1. WHO: At the top of the list of industries fueling demand is retail, especially e-commerce retail players, followed by the logistics, distribution and manufacturing sectors. Retail (traditional retailers through consumer non-durables) accounts for more than one-third of total demand, with most concentrated in the Northeast — particularly New Jersey and Philadelphia.

“With e-commerce sales expected to more than double over the next four years, we anticipate increasing demand for highly specialized facilities,” says Craig Meyer, president of industrial brokerage at JLL. “We are seeing a number of major retailers in the market looking for mega-fulfillment centers of more than two million square feet near large population centers — especially in the major logistics markets of Pennsylvania, New Jersey, Atlanta, Chicago and, of course, the Inland Empire.”

2. WHAT: A resurgence in activity of distribution space users has manifested in rising demand in two primary categories:the 250,000- to 499,999-square-foot range, and in facilities of more than 1 million square feet. Together these two categories comprise more than half of the requirements from tenants in the marketplace.

3. WHEN: There have been 14 consecutive quarters of positive net absorption nationally, bringing vacancy rates down. Construction activity began to increase during the first half of 2012, and much of this stemmed from committals prior to groundbreakings. More speculative development is currently underway.

4. WHERE:Traditional distribution corridors nationwide are showing strong market conditions, but the Northeast is seeing the majority of activity. Five of the top six industries with space needs are looking in this region, with many companies seekingspaces in excess of 1 million square feet.
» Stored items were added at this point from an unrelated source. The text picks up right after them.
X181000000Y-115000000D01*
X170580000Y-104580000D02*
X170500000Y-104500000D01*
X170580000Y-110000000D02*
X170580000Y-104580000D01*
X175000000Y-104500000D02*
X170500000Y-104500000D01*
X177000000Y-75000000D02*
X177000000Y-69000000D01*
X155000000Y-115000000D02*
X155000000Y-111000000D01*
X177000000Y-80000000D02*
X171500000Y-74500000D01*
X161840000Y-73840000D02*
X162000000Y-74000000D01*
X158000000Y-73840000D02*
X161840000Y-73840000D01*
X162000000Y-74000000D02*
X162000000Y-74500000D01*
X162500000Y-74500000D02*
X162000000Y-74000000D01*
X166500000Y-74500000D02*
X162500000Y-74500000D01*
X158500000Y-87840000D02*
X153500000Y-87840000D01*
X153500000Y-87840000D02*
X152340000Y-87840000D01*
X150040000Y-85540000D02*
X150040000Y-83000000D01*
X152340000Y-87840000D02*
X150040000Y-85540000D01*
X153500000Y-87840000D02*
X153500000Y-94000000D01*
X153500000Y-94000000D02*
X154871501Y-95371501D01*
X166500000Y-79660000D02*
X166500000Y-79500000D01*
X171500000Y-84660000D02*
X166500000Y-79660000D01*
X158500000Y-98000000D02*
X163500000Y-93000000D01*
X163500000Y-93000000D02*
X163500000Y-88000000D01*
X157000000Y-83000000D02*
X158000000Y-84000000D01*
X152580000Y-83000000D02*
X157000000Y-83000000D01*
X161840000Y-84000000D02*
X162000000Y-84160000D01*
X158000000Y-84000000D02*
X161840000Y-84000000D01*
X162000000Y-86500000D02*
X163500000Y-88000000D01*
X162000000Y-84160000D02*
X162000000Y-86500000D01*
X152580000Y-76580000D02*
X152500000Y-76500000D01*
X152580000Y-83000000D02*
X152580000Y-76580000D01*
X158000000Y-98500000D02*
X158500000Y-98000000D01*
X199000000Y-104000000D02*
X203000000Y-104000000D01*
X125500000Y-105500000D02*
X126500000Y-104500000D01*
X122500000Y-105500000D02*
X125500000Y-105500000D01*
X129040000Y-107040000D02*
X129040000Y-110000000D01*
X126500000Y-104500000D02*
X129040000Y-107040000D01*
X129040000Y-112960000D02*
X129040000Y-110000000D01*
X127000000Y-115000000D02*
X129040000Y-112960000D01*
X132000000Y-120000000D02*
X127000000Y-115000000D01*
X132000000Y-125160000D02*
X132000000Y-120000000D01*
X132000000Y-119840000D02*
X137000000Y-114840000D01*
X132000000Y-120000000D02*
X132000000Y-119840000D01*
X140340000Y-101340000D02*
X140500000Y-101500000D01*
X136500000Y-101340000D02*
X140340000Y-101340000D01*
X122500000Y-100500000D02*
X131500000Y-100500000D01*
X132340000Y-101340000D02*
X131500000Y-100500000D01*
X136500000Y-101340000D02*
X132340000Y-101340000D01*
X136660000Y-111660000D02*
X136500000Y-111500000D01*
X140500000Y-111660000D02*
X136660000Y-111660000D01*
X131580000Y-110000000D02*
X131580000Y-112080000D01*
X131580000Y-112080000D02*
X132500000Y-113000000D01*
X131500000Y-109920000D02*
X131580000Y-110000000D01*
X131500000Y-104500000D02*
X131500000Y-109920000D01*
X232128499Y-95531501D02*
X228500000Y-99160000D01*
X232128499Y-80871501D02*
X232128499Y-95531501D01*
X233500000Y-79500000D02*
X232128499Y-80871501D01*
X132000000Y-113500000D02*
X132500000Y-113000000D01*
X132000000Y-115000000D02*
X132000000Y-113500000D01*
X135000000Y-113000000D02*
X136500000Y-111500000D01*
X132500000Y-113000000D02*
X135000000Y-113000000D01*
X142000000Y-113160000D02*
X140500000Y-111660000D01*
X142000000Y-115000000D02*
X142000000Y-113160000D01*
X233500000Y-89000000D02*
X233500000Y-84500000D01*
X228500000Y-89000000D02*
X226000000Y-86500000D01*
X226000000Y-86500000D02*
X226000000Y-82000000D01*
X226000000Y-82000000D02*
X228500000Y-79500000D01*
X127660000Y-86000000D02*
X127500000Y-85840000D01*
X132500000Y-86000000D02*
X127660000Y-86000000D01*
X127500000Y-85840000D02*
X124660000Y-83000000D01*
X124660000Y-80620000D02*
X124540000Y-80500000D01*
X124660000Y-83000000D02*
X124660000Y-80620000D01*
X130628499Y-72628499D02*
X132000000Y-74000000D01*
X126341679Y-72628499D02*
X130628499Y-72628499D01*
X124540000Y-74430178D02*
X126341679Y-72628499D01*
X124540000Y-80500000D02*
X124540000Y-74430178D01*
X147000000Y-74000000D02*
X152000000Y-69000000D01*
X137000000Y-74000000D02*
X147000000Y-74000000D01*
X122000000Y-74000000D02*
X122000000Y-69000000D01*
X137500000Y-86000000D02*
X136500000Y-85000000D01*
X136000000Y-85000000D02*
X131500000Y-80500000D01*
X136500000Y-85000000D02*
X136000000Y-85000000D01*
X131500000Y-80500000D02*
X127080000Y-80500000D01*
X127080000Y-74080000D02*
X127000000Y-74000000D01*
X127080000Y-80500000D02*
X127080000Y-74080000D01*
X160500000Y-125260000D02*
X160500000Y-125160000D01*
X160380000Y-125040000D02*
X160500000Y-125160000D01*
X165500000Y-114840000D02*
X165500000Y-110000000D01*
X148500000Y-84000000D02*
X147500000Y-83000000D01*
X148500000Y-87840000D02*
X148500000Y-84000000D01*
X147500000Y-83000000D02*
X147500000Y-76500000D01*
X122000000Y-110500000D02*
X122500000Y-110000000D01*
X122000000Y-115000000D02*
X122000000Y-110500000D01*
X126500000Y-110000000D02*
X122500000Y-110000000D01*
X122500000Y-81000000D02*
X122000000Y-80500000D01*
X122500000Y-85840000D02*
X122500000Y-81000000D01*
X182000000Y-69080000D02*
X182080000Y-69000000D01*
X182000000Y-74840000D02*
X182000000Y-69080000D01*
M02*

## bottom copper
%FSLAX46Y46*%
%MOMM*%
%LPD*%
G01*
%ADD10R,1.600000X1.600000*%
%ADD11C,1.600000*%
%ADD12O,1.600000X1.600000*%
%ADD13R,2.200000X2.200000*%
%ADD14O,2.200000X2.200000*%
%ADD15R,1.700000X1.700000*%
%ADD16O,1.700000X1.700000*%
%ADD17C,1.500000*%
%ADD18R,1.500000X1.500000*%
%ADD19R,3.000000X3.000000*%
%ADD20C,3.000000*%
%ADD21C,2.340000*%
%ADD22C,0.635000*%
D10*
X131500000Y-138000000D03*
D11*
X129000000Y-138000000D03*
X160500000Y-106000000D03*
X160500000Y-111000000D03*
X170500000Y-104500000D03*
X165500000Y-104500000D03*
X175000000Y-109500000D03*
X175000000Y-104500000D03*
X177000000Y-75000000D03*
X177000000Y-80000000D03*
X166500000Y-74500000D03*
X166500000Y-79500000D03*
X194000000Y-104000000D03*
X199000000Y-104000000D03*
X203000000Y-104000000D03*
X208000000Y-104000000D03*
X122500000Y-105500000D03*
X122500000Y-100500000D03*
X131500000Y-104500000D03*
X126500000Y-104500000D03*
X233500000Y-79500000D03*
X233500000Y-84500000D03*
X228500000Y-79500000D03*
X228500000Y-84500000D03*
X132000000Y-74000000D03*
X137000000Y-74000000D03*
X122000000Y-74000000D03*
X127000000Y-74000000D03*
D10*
In the Midwest, however, tenant requirements on a square footage basis are down by 26 percent, owing to robust leasing activity in quarters past.
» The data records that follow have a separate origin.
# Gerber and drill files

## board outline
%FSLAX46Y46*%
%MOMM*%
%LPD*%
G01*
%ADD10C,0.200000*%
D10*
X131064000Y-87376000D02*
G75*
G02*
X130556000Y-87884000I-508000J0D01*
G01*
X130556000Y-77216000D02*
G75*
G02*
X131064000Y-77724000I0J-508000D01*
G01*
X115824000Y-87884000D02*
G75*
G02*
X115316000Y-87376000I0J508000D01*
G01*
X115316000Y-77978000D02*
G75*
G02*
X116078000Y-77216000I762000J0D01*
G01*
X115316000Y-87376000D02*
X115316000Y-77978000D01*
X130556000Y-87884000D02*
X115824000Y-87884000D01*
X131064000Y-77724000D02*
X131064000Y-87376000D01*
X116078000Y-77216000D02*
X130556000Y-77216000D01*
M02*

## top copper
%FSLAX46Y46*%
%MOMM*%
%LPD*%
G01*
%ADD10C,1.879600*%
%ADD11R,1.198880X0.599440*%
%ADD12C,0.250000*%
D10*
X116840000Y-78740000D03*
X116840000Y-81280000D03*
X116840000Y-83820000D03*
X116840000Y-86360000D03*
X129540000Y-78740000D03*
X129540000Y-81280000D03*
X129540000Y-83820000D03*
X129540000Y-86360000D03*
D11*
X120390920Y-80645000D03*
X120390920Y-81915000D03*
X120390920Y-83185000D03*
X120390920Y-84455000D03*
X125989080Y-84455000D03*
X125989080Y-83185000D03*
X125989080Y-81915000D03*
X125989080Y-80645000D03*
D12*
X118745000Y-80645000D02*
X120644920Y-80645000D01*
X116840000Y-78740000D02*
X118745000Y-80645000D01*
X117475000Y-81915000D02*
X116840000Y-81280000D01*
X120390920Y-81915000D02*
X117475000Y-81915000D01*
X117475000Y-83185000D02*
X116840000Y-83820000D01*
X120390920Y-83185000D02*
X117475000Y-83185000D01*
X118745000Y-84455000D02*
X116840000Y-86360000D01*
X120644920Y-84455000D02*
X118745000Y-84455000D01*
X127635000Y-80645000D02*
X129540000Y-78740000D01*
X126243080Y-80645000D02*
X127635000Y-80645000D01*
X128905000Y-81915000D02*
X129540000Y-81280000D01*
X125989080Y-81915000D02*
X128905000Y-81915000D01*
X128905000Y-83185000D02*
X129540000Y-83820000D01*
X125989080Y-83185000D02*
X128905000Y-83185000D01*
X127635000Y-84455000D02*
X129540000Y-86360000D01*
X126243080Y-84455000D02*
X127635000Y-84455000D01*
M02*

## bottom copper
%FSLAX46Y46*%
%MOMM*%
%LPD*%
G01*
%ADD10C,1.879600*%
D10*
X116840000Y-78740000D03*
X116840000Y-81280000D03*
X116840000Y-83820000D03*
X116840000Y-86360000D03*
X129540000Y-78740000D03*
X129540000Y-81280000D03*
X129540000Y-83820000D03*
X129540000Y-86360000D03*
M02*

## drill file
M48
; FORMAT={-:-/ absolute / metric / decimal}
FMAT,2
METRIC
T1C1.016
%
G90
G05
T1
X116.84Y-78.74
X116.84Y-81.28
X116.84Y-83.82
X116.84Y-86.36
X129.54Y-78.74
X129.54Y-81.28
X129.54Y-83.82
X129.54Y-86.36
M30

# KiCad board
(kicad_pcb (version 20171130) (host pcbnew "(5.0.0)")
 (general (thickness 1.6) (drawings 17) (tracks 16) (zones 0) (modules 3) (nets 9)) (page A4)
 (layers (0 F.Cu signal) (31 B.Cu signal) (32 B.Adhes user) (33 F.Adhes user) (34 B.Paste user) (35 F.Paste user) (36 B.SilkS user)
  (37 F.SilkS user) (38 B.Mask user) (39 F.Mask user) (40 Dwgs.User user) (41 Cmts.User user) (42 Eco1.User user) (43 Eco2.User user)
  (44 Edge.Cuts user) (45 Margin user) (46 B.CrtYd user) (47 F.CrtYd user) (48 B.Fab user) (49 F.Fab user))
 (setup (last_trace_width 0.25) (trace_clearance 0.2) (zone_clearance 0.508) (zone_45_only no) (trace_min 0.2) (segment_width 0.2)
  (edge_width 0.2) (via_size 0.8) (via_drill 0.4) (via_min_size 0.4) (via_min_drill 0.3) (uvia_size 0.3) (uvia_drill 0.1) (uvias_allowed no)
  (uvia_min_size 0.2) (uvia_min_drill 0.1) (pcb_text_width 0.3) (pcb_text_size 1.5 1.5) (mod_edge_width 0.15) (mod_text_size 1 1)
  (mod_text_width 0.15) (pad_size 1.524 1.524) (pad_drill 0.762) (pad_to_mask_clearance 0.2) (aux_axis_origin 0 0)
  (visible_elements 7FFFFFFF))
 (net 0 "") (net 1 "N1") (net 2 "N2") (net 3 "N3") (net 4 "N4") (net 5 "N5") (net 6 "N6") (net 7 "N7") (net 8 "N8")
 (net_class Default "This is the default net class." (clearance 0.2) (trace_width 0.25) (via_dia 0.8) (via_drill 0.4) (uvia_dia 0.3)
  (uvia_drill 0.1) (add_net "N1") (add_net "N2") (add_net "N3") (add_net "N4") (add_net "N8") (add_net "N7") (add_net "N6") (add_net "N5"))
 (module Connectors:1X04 (layer F.Cu) (at 116.84 78.74 270)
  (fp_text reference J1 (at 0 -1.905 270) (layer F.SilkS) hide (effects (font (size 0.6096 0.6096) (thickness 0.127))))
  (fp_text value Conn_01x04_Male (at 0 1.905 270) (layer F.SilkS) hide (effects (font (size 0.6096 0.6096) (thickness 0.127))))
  (pad 1 thru_hole circle (at 0 0 270) (size 1.8796 1.8796) (drill 1.016) (layers *.Cu *.Mask) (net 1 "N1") (solder_mask_margin 0.1016))
  (pad 2 thru_hole circle (at 2.54 0 270) (size 1.8796 1.8796) (drill 1.016) (layers *.Cu *.Mask) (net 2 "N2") (solder_mask_margin 0.1016))
  (pad 3 thru_hole circle (at 5.08 0 270) (size 1.8796 1.8796) (drill 1.016) (layers *.Cu *.Mask) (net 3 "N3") (solder_mask_margin 0.1016))
  (pad 4 thru_hole circle (at 7.62 0 270) (size 1.8796 1.8796) (drill 1.016) (layers *.Cu *.Mask) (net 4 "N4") (solder_mask_margin 0.1016)))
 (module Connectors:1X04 (layer F.Cu) (at 129.54 86.36 90)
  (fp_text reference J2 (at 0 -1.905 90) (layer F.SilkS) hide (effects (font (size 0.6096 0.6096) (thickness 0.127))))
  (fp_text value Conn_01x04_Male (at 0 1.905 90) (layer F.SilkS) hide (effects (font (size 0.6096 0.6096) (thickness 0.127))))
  (pad 4 thru_hole circle (at 7.62 0 90) (size 1.8796 1.8796) (drill 1.016) (layers *.Cu *.Mask) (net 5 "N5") (solder_mask_margin 0.1016))
  (pad 3 thru_hole circle (at 5.08 0 90) (size 1.8796 1.8796) (drill 1.016) (layers *.Cu *.Mask) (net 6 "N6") (solder_mask_margin 0.1016))
  (pad 2 thru_hole circle (at 2.54 0 90) (size 1.8796 1.8796) (drill 1.016) (layers *.Cu *.Mask) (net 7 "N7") (solder_mask_margin 0.1016))
  (pad 1 thru_hole circle (at 0 0 90) (size 1.8796 1.8796) (drill 1.016) (layers *.Cu *.Mask) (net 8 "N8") (solder_mask_margin 0.1016)))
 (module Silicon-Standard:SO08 (layer F.Cu) (at 123.19 82.55 270)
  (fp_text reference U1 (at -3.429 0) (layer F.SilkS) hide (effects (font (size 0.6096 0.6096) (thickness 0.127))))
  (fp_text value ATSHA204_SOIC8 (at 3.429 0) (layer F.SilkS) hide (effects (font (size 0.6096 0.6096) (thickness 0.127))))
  (pad 1 smd rect (at -1.905 2.79908 270) (size 0.59944 1.19888) (layers F.Cu F.Paste F.Mask) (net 1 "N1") (solder_mask_margin 0.1016))
  (pad 2 smd rect (at -0.635 2.79908 270) (size 0.59944 1.19888) (layers F.Cu F.Paste F.Mask) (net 2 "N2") (solder_mask_margin 0.1016))
  (pad 3 smd rect (at 0.635 2.79908 270) (size 0.59944 1.19888) (layers F.Cu F.Paste F.Mask) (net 3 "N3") (solder_mask_margin 0.1016))
  (pad 4 smd rect (at 1.905 2.79908 270) (size 0.59944 1.19888) (layers F.Cu F.Paste F.Mask) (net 4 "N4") (solder_mask_margin 0.1016))
  (pad 5 smd rect (at 1.905 -2.79908 270) (size 0.59944 1.19888) (layers F.Cu F.Paste F.Mask) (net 8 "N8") (solder_mask_margin 0.1016))
  (pad 6 smd rect (at 0.635 -2.79908 270) (size 0.59944 1.19888) (layers F.Cu F.Paste F.Mask) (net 7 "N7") (solder_mask_margin 0.1016))
  (pad 7 smd rect (at -0.635 -2.79908 270) (size 0.59944 1.19888) (layers F.Cu F.Paste F.Mask) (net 6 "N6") (solder_mask_margin 0.1016))
  (pad 8 smd rect (at -1.905 -2.79908 270) (size 0.59944 1.19888) (layers F.Cu F.Paste F.Mask) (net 5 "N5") (solder_mask_margin 0.1016)))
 (gr_arc (start 130.556 87.376) (end 130.556 87.884) (angle -90) (layer Edge.Cuts) (width 0.2))
 (gr_arc (start 130.556 77.724) (end 131.064 77.724) (angle -90) (layer Edge.Cuts) (width 0.2))
 (gr_arc (start 115.824 87.376) (end 115.316 87.376) (angle -90) (layer Edge.Cuts) (width 0.2))
 (gr_arc (start 116.078 77.978) (end 116.078 77.216) (angle -90) (layer Edge.Cuts) (width 0.2))
 (gr_line (start 115.316 87.376) (end 115.316 77.978) (layer Edge.Cuts) (width 0.2))
 (gr_line (start 130.556 87.884) (end 115.824 87.884) (layer Edge.Cuts) (width 0.2))
 (gr_line (start 131.064 77.724) (end 131.064 87.376) (layer Edge.Cuts) (width 0.2))
 (gr_line (start 116.078 77.216) (end 130.556 77.216) (layer Edge.Cuts) (width 0.2))
 (segment (start 118.745 80.645) (end 120.64492 80.645) (width 0.25) (layer F.Cu) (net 1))
 (segment (start 116.84 78.74) (end 118.745 80.645) (width 0.25) (layer F.Cu) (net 1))
 (segment (start 117.475 81.915) (end 116.84 81.28) (width 0.25) (layer F.Cu) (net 2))
 (segment (start 120.39092 81.915) (end 117.475 81.915) (width 0.25) (layer F.Cu) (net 2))
 (segment (start 117.475 83.185) (end 116.84 83.82) (width 0.25) (layer F.Cu) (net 3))
 (segment (start 120.39092 83.185) (end 117.475 83.185) (width 0.25) (layer F.Cu) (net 3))
 (segment (start 118.745 84.455) (end 116.84 86.36) (width 0.25) (layer F.Cu) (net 4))
 (segment (start 120.64492 84.455) (end 118.745 84.455) (width 0.25) (layer F.Cu) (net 4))
 (segment (start 127.635 80.645) (end 129.54 78.74) (width 0.25) (layer F.Cu) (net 5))
 (segment (start 126.24308 80.645) (end 127.635 80.645) (width 0.25) (layer F.Cu) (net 5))
 (segment (start 128.905 81.915) (end 129.54 81.28) (width 0.25) (layer F.Cu) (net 6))
 (segment (start 125.98908 81.915) (end 128.905 81.915) (width 0.25) (layer F.Cu) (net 6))
 (segment (start 128.905 83.185) (end 129.54 83.82) (width 0.25) (layer F.Cu) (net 7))
 (segment (start 125.98908 83.185) (end 128.905 83.185) (width 0.25) (layer F.Cu) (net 7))
 (segment (start 127.635 84.455) (end 129.54 86.36) (width 0.25) (layer F.Cu) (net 8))
 (segment (start 126.24308 84.455) (end 127.635 84.455) (width 0.25) (layer F.Cu) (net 8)))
“The Northeast is home to 55 million people, and this is appealing to retail distributors that want access to the lucrative market that a mega-population offers: an expansive consumer base and an existing, intricate logistics infrastructure,” says Aaron Ahlburn, director of research for JLL Americas Industrial & Retail. “Larger blocks of functional space are also more readily available here than in the neighboring Midwest, meaning tenants in New Jersey have more choice as opposed to facing competition for fewer large space options in Chicago.”

5. WHY: “It’s no surprise that the retail sector comprises more than a third of our growth,” observes Meyer. “The demand from e-commerce is shaping the market more than ever before and is influencing the requirements of both users and the institutional investors who make speculative construction possible.”